THE EXPERIENCE OF the last decade suggests that emerging capital markets are vulnerable to significant shifts in investors' confidence in both upward and downward directions. Downward shifts in confidence and financial market collapses are abrupt and often take place unexpectedly after a large boom. Table 1 documents the magnitude of these booms for several precrisis episodes: Argentina and Mexico in 1994, Korea in 1997, and Turkey in 2000. Taking Turkey as an example, the year before its financial crisis in 2001, the country boasted an average quarterly current account-to-GDP ratio of -5.1%, consumption growth of 4.5%, an increase in equity prices of 57%, and GDP growth of 3%. (1)
It is widely agreed that overconfidence and informational problems are at least partially responsible for recent crisis episodes, as the above opening quote by International Monetary Fund (IMF) on the Asian crisis suggests. Whether these frictions in international capital markets can be large enough to explain precrisis periods of bonanza and the depth of the crises remains an open question.

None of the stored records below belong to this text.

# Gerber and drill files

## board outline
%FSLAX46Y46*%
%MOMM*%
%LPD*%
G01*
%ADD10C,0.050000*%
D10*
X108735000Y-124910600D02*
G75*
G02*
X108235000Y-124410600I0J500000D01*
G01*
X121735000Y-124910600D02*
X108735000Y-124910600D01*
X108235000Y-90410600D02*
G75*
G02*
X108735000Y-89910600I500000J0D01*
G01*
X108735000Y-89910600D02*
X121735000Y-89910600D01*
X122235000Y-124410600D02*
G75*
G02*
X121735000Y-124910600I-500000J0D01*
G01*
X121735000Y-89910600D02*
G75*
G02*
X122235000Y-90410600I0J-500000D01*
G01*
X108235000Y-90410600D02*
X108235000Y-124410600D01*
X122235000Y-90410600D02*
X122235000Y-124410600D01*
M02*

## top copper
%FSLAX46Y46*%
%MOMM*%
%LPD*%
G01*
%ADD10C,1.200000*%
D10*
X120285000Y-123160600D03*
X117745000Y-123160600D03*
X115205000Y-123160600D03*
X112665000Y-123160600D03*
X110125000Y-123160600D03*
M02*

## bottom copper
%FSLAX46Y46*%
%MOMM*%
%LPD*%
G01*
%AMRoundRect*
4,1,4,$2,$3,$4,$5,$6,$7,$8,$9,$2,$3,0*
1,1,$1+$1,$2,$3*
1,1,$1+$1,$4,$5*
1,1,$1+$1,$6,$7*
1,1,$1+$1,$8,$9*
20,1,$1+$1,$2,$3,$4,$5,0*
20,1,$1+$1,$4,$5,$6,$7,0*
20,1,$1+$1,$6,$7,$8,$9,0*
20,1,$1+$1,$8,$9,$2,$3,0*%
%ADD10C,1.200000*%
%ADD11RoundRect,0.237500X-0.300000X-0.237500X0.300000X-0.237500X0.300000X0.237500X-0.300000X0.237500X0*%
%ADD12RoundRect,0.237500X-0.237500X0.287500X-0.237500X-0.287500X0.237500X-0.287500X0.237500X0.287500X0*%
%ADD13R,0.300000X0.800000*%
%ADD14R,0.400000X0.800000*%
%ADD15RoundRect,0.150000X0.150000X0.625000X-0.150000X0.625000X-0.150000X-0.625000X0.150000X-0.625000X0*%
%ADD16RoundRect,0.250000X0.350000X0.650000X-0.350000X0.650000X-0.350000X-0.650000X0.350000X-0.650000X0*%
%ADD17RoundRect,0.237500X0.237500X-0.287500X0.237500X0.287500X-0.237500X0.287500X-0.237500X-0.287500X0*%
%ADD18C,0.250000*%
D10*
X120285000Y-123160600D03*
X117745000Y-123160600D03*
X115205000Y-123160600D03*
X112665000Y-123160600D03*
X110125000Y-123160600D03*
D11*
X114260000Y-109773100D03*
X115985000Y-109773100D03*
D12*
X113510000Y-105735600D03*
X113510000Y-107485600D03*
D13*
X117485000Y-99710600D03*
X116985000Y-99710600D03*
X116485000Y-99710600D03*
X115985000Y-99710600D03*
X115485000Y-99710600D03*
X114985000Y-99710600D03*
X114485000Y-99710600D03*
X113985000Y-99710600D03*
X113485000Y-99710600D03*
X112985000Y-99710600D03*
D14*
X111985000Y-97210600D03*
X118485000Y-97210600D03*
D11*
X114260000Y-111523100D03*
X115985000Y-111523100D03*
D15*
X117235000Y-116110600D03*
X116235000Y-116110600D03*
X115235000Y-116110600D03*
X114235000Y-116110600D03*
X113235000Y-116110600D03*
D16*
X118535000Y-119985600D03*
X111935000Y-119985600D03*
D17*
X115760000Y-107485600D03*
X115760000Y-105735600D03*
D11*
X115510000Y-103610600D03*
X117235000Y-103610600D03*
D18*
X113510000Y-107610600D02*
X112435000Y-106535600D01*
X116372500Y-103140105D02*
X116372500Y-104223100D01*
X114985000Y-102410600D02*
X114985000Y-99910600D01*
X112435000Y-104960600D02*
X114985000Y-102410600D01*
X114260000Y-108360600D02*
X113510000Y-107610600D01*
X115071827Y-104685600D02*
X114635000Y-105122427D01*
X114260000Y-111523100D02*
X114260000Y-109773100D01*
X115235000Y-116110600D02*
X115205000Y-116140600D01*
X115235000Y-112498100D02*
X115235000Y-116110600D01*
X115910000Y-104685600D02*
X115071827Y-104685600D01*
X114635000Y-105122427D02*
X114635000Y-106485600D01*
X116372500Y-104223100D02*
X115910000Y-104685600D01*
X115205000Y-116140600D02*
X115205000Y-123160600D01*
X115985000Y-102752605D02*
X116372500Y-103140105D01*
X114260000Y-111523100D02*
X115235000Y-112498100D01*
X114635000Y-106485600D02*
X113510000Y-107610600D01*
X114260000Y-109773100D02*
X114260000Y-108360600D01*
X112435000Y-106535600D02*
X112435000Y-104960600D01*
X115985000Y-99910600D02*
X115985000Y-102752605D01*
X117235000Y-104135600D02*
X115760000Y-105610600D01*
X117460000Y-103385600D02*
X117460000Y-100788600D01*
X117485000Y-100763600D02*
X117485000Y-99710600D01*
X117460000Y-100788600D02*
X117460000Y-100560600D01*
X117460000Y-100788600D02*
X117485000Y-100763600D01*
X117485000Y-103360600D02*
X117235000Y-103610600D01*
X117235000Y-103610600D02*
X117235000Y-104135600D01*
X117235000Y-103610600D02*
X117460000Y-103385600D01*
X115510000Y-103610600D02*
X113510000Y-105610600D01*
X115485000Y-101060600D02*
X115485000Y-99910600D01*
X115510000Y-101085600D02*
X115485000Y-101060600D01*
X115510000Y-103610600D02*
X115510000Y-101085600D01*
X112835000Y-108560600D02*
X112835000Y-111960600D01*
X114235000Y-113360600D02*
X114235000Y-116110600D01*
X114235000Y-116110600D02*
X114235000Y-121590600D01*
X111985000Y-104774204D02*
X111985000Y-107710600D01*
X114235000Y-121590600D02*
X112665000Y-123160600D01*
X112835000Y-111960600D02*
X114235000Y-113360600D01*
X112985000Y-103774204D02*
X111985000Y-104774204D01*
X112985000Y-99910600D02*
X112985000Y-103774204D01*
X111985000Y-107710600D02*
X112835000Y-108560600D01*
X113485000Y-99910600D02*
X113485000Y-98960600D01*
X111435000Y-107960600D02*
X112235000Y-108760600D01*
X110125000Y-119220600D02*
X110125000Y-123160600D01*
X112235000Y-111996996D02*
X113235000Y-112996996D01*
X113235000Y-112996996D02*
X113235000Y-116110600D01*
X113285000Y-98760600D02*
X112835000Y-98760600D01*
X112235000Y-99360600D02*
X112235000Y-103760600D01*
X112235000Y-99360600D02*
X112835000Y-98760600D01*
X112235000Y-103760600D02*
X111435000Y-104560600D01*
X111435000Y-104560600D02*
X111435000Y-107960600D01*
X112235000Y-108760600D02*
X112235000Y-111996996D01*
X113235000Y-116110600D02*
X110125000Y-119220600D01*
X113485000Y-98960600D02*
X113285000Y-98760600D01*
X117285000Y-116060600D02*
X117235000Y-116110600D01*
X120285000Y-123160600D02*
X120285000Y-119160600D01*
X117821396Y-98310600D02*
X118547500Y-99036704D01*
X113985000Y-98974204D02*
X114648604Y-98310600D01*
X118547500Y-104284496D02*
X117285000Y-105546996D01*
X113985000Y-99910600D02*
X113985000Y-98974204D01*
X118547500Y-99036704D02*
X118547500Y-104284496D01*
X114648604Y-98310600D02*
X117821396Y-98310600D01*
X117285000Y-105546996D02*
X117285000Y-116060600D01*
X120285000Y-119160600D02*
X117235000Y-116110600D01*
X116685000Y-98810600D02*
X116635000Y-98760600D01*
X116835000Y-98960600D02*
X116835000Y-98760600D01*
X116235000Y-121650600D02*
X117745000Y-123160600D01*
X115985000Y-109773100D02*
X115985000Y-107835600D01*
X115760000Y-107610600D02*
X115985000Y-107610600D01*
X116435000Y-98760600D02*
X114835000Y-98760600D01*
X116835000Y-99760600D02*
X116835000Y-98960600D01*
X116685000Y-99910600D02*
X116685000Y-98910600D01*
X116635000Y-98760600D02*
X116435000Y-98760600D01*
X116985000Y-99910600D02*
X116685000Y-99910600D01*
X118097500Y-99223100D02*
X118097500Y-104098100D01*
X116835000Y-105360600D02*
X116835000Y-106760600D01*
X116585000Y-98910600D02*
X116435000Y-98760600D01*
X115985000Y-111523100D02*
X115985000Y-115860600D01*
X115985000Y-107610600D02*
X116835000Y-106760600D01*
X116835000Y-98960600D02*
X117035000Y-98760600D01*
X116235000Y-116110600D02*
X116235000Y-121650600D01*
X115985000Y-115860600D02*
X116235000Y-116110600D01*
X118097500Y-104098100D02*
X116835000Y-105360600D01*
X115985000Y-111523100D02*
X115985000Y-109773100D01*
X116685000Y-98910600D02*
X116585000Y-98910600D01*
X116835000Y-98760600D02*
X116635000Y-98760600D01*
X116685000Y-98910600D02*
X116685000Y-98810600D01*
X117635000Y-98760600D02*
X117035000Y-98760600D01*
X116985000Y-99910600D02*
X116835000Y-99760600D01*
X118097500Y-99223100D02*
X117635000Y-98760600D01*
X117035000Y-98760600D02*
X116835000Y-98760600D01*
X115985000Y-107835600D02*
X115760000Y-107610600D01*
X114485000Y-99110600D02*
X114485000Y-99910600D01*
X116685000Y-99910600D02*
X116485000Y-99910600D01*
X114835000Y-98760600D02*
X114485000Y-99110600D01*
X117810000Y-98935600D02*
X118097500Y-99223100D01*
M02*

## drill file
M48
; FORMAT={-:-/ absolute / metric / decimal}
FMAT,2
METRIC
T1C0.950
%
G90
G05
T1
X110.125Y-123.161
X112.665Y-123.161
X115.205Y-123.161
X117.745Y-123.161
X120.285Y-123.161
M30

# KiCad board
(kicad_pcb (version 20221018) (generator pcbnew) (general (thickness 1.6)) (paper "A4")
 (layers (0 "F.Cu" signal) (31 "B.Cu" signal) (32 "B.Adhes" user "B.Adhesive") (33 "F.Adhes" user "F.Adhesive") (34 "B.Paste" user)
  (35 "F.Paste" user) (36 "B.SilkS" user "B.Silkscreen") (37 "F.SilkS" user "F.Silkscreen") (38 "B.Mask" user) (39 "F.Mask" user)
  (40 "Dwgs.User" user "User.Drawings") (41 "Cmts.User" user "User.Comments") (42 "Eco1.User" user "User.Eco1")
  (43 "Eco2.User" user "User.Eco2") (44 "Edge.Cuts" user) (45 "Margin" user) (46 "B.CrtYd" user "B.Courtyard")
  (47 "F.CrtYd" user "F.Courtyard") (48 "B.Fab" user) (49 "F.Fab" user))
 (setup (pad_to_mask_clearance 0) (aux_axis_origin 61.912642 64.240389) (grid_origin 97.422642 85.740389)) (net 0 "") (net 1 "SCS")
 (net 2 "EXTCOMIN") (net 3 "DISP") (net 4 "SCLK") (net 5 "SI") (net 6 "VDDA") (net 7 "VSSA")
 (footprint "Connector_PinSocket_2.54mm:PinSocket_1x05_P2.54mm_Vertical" (layer "F.Cu") (at 120.285 123.1606 -90)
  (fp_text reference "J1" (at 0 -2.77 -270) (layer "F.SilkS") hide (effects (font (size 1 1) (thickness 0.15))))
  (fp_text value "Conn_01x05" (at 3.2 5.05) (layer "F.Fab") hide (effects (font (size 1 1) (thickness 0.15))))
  (pad "1" thru_hole circle (at 0 0 270) (size 1.2 1.2) (drill 0.95) (layers "*.Cu" "*.Mask") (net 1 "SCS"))
  (pad "2" thru_hole circle (at 0 2.54 270) (size 1.2 1.2) (drill 0.95) (layers "*.Cu" "*.Mask") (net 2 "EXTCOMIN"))
  (pad "3" thru_hole circle (at 0 5.08 270) (size 1.2 1.2) (drill 0.95) (layers "*.Cu" "*.Mask") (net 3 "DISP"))
  (pad "4" thru_hole circle (at 0 7.62 270) (size 1.2 1.2) (drill 0.95) (layers "*.Cu" "*.Mask") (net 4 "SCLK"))
  (pad "5" thru_hole circle (at 0 10.16 270) (size 1.2 1.2) (drill 0.95) (layers "*.Cu" "*.Mask") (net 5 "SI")))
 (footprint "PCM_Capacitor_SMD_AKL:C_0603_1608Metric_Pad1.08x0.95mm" (layer "B.Cu") (at 115.1225 109.7731)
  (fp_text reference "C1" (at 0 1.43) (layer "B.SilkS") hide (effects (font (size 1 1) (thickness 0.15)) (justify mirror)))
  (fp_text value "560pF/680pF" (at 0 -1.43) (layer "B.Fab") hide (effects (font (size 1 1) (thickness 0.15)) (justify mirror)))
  (pad "1" smd roundrect (at -0.8625 0) (size 1.075 0.95) (layers "B.Cu" "B.Paste" "B.Mask") (roundrect_rratio 0.25) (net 3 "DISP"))
  (pad "2" smd roundrect (at 0.8625 0) (size 1.075 0.95) (layers "B.Cu" "B.Paste" "B.Mask") (roundrect_rratio 0.25) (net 2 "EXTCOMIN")))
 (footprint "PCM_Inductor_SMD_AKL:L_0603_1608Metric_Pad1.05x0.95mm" (layer "B.Cu") (at 113.51 106.6106 -90)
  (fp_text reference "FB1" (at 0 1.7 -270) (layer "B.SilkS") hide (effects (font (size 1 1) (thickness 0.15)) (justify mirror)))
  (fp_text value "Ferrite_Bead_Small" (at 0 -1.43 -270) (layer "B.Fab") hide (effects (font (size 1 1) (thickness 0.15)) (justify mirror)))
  (pad "1" smd roundrect (at -0.875 0 270) (size 1.05 0.95) (layers "B.Cu" "B.Paste" "B.Mask") (roundrect_rratio 0.25) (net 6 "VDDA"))
  (pad "2" smd roundrect (at 0.875 0 270) (size 1.05 0.95) (layers "B.Cu" "B.Paste" "B.Mask") (roundrect_rratio 0.25) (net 3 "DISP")))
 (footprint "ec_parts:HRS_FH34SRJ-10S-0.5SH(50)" (layer "B.Cu") (at 115.235 98.5606)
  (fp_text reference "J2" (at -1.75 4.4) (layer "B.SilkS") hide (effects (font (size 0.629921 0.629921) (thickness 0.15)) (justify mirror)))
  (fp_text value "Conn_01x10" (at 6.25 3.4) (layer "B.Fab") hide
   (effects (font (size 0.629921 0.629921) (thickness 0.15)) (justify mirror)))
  (pad "1" smd rect (at 2.25 1.15) (size 0.3 0.8) (layers "B.Cu") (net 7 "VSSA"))
  (pad "2" smd rect (at 1.75 1.15) (size 0.3 0.8) (layers "B.Cu") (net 2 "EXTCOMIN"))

In this paper, we aim to answer this question by studying the quantitative predictions of a model in which optimism, due to investors' underestimation of the weaknesses of emerging economies, acts as the driving force behind both the precrisis booms and the vulnerability that paves the way to financial turmoil and deep recessions. In the model, the precrisis bonanza is driven by a sequence of positive signals that investors interpret as an improvement in the true fundamentals of the economy. The crisis occurs as a sudden downward adjustment in investors' expectations of the true fundamentals is triggered and their optimism suddenly fades. The magnitude of this downward adjustment increases with the level of optimism attained prior to the crisis.

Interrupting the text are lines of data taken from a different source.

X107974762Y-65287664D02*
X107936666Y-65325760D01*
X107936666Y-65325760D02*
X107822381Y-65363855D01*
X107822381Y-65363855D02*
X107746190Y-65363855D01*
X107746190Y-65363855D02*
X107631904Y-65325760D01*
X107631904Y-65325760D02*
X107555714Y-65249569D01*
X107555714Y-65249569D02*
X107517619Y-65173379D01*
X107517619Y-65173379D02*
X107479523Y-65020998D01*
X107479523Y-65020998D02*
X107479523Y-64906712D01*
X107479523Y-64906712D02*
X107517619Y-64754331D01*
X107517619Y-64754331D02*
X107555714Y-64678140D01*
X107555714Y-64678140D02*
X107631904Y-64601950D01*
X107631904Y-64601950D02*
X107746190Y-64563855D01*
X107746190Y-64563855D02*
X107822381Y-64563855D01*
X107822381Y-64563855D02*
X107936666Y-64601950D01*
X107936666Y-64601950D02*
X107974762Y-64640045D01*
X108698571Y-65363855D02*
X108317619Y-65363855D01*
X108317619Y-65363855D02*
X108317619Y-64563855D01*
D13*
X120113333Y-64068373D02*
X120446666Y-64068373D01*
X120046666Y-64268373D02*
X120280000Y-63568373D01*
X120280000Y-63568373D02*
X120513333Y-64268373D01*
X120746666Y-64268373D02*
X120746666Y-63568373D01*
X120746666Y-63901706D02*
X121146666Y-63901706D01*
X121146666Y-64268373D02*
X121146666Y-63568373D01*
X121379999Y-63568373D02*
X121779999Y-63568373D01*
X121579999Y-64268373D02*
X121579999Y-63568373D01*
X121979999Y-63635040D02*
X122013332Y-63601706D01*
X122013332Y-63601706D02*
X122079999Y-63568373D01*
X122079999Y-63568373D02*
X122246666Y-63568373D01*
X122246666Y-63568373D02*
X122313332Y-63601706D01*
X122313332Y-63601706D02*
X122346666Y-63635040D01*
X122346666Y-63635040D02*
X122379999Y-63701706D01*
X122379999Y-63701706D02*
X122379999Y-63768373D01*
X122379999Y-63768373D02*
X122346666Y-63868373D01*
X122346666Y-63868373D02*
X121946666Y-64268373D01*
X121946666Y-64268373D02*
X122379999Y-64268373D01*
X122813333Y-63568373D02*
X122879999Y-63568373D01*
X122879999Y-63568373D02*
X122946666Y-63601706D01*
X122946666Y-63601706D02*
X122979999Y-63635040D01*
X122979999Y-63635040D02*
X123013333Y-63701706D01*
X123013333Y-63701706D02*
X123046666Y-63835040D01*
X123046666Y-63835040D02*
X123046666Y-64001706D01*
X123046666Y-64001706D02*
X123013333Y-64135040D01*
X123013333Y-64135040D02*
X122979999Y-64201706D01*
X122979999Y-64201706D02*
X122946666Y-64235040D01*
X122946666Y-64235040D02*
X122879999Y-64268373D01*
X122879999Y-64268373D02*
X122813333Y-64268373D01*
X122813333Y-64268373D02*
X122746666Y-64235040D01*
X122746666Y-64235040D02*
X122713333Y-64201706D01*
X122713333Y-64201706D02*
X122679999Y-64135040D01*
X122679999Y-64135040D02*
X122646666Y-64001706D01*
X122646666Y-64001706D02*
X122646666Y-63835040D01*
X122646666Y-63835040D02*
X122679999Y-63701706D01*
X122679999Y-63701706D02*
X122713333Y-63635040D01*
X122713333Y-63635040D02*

The informational frictions that are the key ingredient of the model are likely to be prevalent in emerging markets for several reasons. One is the lack of transparency in policymaking and data reporting, which manifests itself in the form of inaccurate or misleading data. (2)
A second reason informational frictions pose particular challenges for emerging economies is the existence of high fixed costs associated with obtaining country-specific information and keeping up with the developments in emerging economies, as suggested by Calvo (1999). Such costs could arise due to idiosyncrasies affecting financial markets in these countries, for example, each country's unique institutions, policies, political environment, and legal structure. From international investors' perspective, it might be optimal not to "buy" this information. Calvo and Mendoza (2000) provide two arguments for why this can be the case. First, if short-selling positions are limited, the benefit of paying for costly information declines as the number of emerging economies in which to invest becomes sufficiently large. Second, if punishment for poor performance is high, managers of investment funds may choose to mimic each other's behavior instead of paying for costly information.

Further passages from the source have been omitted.